Эти люди сформулировали все предельно ясно: она добывает оригиналы документов права собственности на ранчо, а они прощают долг ее отцу. Все максимально прозрачно и просто, кроме того, как это сделать. В итоге ей лишь сказали адрес, имя - Марк Соммерс, и намекнули, что только ей самой решать, каким именно способом добьется того, что им нужно: убъет, переспит или еще как. Собственно, этим людям было на это абсолютно наплевать. Важны были только документы, а не она.

Эмили вспоминала , как еще позавчера жила наивной дурочкой и не представляла, что с ней может случиться подобное. Оказывается, как только она уехала от отца в колледж, тот опять сел играть на деньги.

«Даже думать о том, что нечем будет платить за учебу через год не хочется!» – злясь на отца, думала Эмили. – «Но бросить его я тоже не могу!» – со слезами думала девушка, теперь понимая, что тем людям, которым отец задолжал, ничего не стоит убить его просто в показательных целях.- «Папочка, как ты мог?! Как ты мог опять начать играть, уже зная, как много мы потеряли по этой причине десять лет назад!» - задавалась она вопросом.

И девушка пока шла пешком до ранчо, вспомнила, как уже будучи подростком, наблюдала истерики матери, мучительное бормотание отца, который клялся завязать. Мама его прощала, а он, продержавшись месяц или два, опять принимался за игру. Вроде бы ничего страшного не было, думала она тогда, но когда пришли люди и просто выгнали их из их же дома, дав прихватить только самое необходимое, Эмили поняла, что отец болен. А это все - следствие его болезни.

«А самое обидное, что он до конца так и не признавался сам себе в игромании!» – злилась она.

Эмили до сих пор с горечью вспоминала их шикарный особняк в престижном районе Лос-Анджелеса, где прошло ее детство и часть отрочества. И то убогое жилище, которое они могли позволить себе после.

«Папа, папа!» – вздохнула она.

А потом случилась трагедия. Ее мама, привыкшая к шикарной жизни, к светскому обществу и потерявшая все это в один миг по нелепой, как та считала, случайности, впала в глубокую депрессию. И в период очередного приступа покончила с собой. Просто выпила таблеток, написала мужу смс, что отец уничтожил ее своей игрой, а бороться с его зависимостью она больше не в силах. И просто уснула, без изысков и истерик, только вот забыв попрощаться с дочерью.

После этого у отца при мысли об игре сводило руки, дав им шанс. И жизнь кое-как наладилась, когда он не мог и не хотел больше играть, а все время посвятил единственной дочери, раскаиваясь и чувствуя беспредельную вину перед ней.
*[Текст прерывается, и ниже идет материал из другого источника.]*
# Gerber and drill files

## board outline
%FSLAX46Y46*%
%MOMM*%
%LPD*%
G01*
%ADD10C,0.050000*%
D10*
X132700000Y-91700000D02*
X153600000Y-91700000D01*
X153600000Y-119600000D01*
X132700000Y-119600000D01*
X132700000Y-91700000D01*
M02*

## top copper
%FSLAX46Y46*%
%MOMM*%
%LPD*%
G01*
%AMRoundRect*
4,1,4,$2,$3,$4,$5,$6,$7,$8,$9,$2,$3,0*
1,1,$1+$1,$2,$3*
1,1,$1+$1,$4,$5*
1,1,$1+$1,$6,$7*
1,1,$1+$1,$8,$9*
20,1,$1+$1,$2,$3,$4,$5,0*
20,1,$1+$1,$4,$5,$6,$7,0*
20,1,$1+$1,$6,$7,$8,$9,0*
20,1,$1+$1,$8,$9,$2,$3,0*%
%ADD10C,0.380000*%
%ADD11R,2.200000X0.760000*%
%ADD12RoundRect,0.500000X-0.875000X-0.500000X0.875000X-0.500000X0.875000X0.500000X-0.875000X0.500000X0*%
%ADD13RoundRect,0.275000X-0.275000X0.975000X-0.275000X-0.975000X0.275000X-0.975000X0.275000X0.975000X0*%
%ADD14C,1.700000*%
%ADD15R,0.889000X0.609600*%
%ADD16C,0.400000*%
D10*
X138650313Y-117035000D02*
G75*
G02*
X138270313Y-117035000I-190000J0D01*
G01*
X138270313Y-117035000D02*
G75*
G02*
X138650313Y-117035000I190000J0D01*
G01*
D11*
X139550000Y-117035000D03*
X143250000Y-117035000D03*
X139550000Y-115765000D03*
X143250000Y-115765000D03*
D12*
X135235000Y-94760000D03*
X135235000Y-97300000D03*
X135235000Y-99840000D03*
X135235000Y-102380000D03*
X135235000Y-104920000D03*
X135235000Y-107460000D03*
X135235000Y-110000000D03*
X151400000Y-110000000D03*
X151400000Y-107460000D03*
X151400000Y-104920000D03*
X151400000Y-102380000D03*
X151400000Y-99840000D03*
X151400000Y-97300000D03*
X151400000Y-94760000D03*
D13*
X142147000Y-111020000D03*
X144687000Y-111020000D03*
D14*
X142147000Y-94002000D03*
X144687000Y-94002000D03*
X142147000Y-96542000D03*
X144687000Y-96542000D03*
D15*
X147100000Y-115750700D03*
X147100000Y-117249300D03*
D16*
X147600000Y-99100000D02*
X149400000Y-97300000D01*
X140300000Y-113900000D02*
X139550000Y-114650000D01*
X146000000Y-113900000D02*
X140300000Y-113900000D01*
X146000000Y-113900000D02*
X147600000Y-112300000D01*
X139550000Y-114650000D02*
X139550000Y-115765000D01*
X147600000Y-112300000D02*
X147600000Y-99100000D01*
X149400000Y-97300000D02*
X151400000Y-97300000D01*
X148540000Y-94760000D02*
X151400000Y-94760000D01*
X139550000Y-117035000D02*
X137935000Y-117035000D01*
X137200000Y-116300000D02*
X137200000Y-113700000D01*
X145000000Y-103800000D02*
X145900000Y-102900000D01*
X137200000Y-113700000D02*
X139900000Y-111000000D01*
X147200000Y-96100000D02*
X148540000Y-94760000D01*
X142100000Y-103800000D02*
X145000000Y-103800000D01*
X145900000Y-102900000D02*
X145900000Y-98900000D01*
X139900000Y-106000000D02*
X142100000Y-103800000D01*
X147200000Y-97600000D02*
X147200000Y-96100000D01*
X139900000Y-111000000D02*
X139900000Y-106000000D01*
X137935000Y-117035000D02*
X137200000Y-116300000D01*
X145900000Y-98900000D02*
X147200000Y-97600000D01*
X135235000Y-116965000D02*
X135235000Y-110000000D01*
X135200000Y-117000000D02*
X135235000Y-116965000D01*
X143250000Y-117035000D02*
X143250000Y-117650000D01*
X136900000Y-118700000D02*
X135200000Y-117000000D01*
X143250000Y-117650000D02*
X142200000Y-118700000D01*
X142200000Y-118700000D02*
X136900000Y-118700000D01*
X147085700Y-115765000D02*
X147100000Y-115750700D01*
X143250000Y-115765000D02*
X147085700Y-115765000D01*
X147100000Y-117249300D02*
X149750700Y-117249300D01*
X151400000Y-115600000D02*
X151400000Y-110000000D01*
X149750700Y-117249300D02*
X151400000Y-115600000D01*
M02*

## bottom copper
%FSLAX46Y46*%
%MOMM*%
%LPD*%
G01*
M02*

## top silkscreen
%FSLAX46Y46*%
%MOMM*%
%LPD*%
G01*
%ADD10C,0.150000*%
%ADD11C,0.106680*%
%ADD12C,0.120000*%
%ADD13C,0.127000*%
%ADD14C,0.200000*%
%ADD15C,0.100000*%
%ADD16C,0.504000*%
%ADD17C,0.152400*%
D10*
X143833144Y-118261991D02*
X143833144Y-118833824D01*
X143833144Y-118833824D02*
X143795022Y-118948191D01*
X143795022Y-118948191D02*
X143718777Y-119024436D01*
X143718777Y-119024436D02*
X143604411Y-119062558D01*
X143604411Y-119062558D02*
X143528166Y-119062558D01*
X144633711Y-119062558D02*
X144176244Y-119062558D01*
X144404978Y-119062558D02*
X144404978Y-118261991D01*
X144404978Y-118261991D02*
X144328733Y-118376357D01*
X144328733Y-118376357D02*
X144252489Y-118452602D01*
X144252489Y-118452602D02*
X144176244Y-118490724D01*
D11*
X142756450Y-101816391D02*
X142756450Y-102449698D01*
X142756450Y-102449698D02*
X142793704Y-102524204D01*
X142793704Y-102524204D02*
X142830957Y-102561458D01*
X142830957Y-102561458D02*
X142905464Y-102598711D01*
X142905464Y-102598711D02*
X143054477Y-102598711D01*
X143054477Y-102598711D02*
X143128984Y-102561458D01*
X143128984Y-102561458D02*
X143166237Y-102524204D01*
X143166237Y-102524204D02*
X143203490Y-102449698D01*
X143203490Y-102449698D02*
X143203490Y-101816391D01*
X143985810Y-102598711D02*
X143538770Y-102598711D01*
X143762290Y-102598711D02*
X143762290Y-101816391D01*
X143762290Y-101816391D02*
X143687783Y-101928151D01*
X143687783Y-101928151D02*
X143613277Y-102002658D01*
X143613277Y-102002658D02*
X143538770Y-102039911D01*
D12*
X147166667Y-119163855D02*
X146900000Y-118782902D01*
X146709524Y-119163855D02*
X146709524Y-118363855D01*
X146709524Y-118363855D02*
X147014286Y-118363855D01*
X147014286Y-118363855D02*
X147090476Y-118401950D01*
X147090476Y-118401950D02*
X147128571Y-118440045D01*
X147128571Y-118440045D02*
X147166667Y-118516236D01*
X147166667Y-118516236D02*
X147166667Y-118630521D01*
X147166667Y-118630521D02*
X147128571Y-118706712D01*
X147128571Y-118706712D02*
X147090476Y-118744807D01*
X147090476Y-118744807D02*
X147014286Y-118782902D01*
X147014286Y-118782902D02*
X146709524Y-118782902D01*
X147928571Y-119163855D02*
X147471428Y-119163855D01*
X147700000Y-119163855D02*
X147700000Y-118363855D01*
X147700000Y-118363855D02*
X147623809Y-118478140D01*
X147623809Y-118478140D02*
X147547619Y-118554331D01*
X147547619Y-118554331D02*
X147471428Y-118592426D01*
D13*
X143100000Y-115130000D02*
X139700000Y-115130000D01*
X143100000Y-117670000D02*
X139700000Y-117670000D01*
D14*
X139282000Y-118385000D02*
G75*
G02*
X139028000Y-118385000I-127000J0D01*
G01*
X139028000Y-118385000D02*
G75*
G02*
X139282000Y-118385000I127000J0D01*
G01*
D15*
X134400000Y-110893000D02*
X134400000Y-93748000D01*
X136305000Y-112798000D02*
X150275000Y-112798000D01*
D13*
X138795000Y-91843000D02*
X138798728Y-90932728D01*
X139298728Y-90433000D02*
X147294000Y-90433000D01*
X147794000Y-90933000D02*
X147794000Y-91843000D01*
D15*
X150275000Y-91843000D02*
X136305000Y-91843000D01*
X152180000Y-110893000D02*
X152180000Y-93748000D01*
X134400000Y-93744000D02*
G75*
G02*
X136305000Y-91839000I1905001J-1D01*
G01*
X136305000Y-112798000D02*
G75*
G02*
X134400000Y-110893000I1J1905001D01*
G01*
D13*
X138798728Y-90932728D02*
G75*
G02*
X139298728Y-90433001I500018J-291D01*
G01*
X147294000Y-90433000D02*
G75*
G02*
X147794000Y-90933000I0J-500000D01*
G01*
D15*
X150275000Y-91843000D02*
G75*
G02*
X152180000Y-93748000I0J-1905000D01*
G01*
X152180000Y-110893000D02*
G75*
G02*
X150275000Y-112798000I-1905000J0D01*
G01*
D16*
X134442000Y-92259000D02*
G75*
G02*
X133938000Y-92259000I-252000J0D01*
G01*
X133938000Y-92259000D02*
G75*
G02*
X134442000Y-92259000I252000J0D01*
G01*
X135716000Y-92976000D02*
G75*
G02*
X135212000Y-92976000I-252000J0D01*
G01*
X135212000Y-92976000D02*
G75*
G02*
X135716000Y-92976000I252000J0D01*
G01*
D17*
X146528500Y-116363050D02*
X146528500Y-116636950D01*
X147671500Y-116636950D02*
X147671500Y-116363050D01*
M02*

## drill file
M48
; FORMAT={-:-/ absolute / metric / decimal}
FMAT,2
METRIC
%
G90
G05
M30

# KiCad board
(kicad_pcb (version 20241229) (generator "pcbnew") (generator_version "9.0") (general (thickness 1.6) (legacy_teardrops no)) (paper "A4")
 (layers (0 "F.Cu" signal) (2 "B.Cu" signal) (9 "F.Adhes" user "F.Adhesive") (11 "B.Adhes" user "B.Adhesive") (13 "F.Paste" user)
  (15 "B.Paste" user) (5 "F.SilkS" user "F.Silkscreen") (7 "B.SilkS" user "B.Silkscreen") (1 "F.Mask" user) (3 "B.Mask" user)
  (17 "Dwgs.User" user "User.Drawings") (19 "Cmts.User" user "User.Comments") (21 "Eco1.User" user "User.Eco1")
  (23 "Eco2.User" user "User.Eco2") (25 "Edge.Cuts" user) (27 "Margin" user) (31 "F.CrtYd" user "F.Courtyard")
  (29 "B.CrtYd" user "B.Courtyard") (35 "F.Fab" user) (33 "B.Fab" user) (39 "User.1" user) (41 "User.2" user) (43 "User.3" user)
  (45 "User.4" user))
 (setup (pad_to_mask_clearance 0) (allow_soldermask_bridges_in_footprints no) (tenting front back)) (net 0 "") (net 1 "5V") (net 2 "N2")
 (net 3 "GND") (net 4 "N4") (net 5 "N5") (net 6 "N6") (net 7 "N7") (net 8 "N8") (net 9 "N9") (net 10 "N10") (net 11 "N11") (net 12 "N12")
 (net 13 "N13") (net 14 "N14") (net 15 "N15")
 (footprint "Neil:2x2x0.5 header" (layer "F.Cu") (at 141.4 116.4 90)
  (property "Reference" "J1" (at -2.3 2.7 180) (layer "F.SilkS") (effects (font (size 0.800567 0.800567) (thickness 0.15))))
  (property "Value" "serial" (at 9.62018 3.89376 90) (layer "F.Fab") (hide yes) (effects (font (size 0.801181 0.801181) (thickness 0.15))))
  (fp_line (start 1.27 1.7) (end 1.27 -1.7) (stroke (width 0.127) (type solid)) (layer "F.SilkS"))
  (fp_line (start -1.27 1.7) (end -1.27 -1.7) (stroke (width 0.127) (type solid)) (layer "F.SilkS"))
  (fp_circle (center -1.985 -2.245) (end -1.858 -2.245) (stroke (width 0.2) (type solid)) (fill no) (layer "F.SilkS"))
  (pad "1" smd rect (at -0.635 -1.85 90) (size 0.76 2.2) (layers "F.Cu" "F.Mask" "F.Paste") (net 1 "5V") (solder_mask_margin 0.102))
  (pad "2" smd rect (at -0.635 1.85 90) (size 0.76 2.2) (layers "F.Cu" "F.Mask" "F.Paste") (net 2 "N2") (solder_mask_margin 0.102))
  (pad "3" smd rect (at 0.635 -1.85 90) (size 0.76 2.2) (layers "F.Cu" "F.Mask" "F.Paste") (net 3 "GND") (solder_mask_margin 0.102))
  (pad "4" smd rect (at 0.635 1.85 90) (size 0.76 2.2) (layers "F.Cu" "F.Mask" "F.Paste") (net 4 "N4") (solder_mask_margin 0.102)))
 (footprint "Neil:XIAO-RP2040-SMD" (layer "F.Cu") (at 143.235 102.38)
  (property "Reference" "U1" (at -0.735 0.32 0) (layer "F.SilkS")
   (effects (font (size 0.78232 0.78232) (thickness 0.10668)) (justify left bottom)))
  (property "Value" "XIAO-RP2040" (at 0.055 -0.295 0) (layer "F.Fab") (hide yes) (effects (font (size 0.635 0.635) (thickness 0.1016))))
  (fp_line (start -8.835 8.513) (end -8.835 -8.632) (stroke (width 0.1) (type solid)) (layer "F.SilkS"))
  (fp_line (start -6.93 10.418) (end 7.04 10.418) (stroke (width 0.1) (type solid)) (layer "F.SilkS"))
  (fp_line (start -4.44 -10.537) (end -4.436272 -11.447272) (stroke (width 0.127) (type solid)) (layer "F.SilkS"))
  (fp_line (start -3.936272 -11.947) (end 4.059 -11.947) (stroke (width 0.127) (type solid)) (layer "F.SilkS"))
  (fp_line (start 4.559 -11.447) (end 4.559 -10.537) (stroke (width 0.127) (type solid)) (layer "F.SilkS"))
  (fp_line (start 7.04 -10.537) (end -6.93 -10.537) (stroke (width 0.1) (type solid)) (layer "F.SilkS"))
  (fp_line (start 8.945 8.513) (end 8.945 -8.632) (stroke (width 0.1) (type solid)) (layer "F.SilkS"))
  (fp_arc (start -8.835 -8.636) (mid -8.277038 -9.983038) (end -6.93 -10.541) (stroke (width 0.1) (type solid)) (layer "F.SilkS"))
  (fp_arc (start -6.93 10.418) (mid -8.277038 9.860038) (end -8.835 8.513) (stroke (width 0.1) (type solid)) (layer "F.SilkS"))
  (fp_arc (start -4.436272 -11.447272) (mid -4.289724 -11.800644) (end -3.936272 -11.947) (stroke (width 0.127) (type default))
   (layer "F.SilkS"))
  (fp_arc (start 4.059 -11.947) (mid 4.412553 -11.800553) (end 4.559 -11.447) (stroke (width 0.127) (type default)) (layer "F.SilkS"))
  (fp_arc (start 7.04 -10.537) (mid 8.387038 -9.979038) (end 8.945 -8.632) (stroke (width 0.1) (type solid)) (layer "F.SilkS"))
  (fp_arc (start 8.945 8.513) (mid 8.387038 9.860038) (end 7.04 10.418) (stroke (width 0.1) (type solid)) (layer "F.SilkS"))
  (fp_circle (center -9.045 -10.121) (end -9.045 -10.375) (stroke (width 0.5) (type solid)) (fill yes) (layer "F.SilkS"))
  (fp_circle (center -7.771 -9.404) (end -7.771 -9.658) (stroke (width 0.5) (type solid)) (fill yes) (layer "F.SilkS"))
  (pad "1" smd roundrect (at -8 -7.62) (size 2.75 2) (layers "F.Cu" "F.Mask" "F.Paste") (roundrect_rratio 0.25) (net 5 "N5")
   (solder_mask_margin 0.0508) (thermal_bridge_angle 45))
  (pad "2" smd roundrect (at -8 -5.08) (size 2.75 2) (layers "F.Cu" "F.Mask" "F.Paste") (roundrect_rratio 0.25) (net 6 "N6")
   (solder_mask_margin 0.0508) (thermal_bridge_angle 45))
  (pad "3" smd roundrect (at -8 -2.54) (size 2.75 2) (layers "F.Cu" "F.Mask" "F.Paste") (roundrect_rratio 0.25) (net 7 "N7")
   (solder_mask_margin 0.0508) (thermal_bridge_angle 45))
  (pad "4" smd roundrect (at -8 0) (size 2.75 2) (layers "F.Cu" "F.Mask" "F.Paste") (roundrect_rratio 0.25) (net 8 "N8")
   (solder_mask_margin 0.0508) (thermal_bridge_angle 45))
  (pad "5" smd roundrect (at -8 2.54) (size 2.75 2) (layers "F.Cu" "F.Mask" "F.Paste") (roundrect_rratio 0.25) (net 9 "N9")
   (solder_mask_margin 0.0508) (thermal_bridge_angle 45))
  (pad "6" smd roundrect (at -8 5.08) (size 2.75 2) (layers "F.Cu" "F.Mask" "F.Paste") (roundrect_rratio 0.25) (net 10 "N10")
   (solder_mask_margin 0.0508) (thermal_bridge_angle 45))
  (pad "7" smd roundrect (at -8 7.62) (size 2.75 2) (layers "F.Cu" "F.Mask" "F.Paste") (roundrect_rratio 0.25) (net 2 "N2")
   (solder_mask_margin 0.0508) (thermal_bridge_angle 45))
  (pad "8" smd roundrect (at 8.165 7.62) (size 2.75 2) (layers "F.Cu" "F.Mask" "F.Paste") (roundrect_rratio 0.25) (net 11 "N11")
   (solder_mask_margin 0.0508) (thermal_bridge_angle 45))
  (pad "9" smd roundrect (at 8.165 5.08) (size 2.75 2) (layers "F.Cu" "F.Mask" "F.Paste") (roundrect_rratio 0.25) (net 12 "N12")
   (solder_mask_margin 0.0508) (thermal_bridge_angle 45))
  (pad "10" smd roundrect (at 8.165 2.54) (size 2.75 2) (layers "F.Cu" "F.Mask" "F.Paste") (roundrect_rratio 0.25) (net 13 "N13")
   (solder_mask_margin 0.0508) (thermal_bridge_angle 45))
  (pad "11" smd roundrect (at 8.165 0) (size 2.75 2) (layers "F.Cu" "F.Mask" "F.Paste") (roundrect_rratio 0.25) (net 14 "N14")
«Но что сейчас?» – не переставала задаваться себе вопросом Эмили. – «Почему после стольких лет он вновь сел за игру и мне ничего не сказал? Почему вообще это сделал?!»

Полная этими горькими мыслями, с дрожащими от волнения ногами и холодными руками, девушка и подошла к ранчо этого некоего Марка Соммерса. На улице уже была глубокая ночь, но даже очертания дома очаровали ее. Где–то фыркали лошади и ходили в загонах быки.

«И что мне теперь делать?» – судорожно думала она. – «Актриса из меня никакая!»

Затем попыталась найти выход. Поразмыслив, Эмили намеренно испачкала одежду, растрепала волосы, и постаралась расстроить себя до слез.

«А особенно и стараться не надо», – подумала она, вспоминая события последних дней и свою жизнь еще пару дней назад, до того как узнала об отце. – «Они просто накинули мне мешок на голову и приволокли к боссу!»

И слезы все пуще потекли из глаз от воспоминаний. А потом, когда сняли мешок и не развязав рук, вывалили на нее всю горькую правду, включая условия сделки, да еще намекнув на второй вариант выплаты долга в нелегальном публичном доме.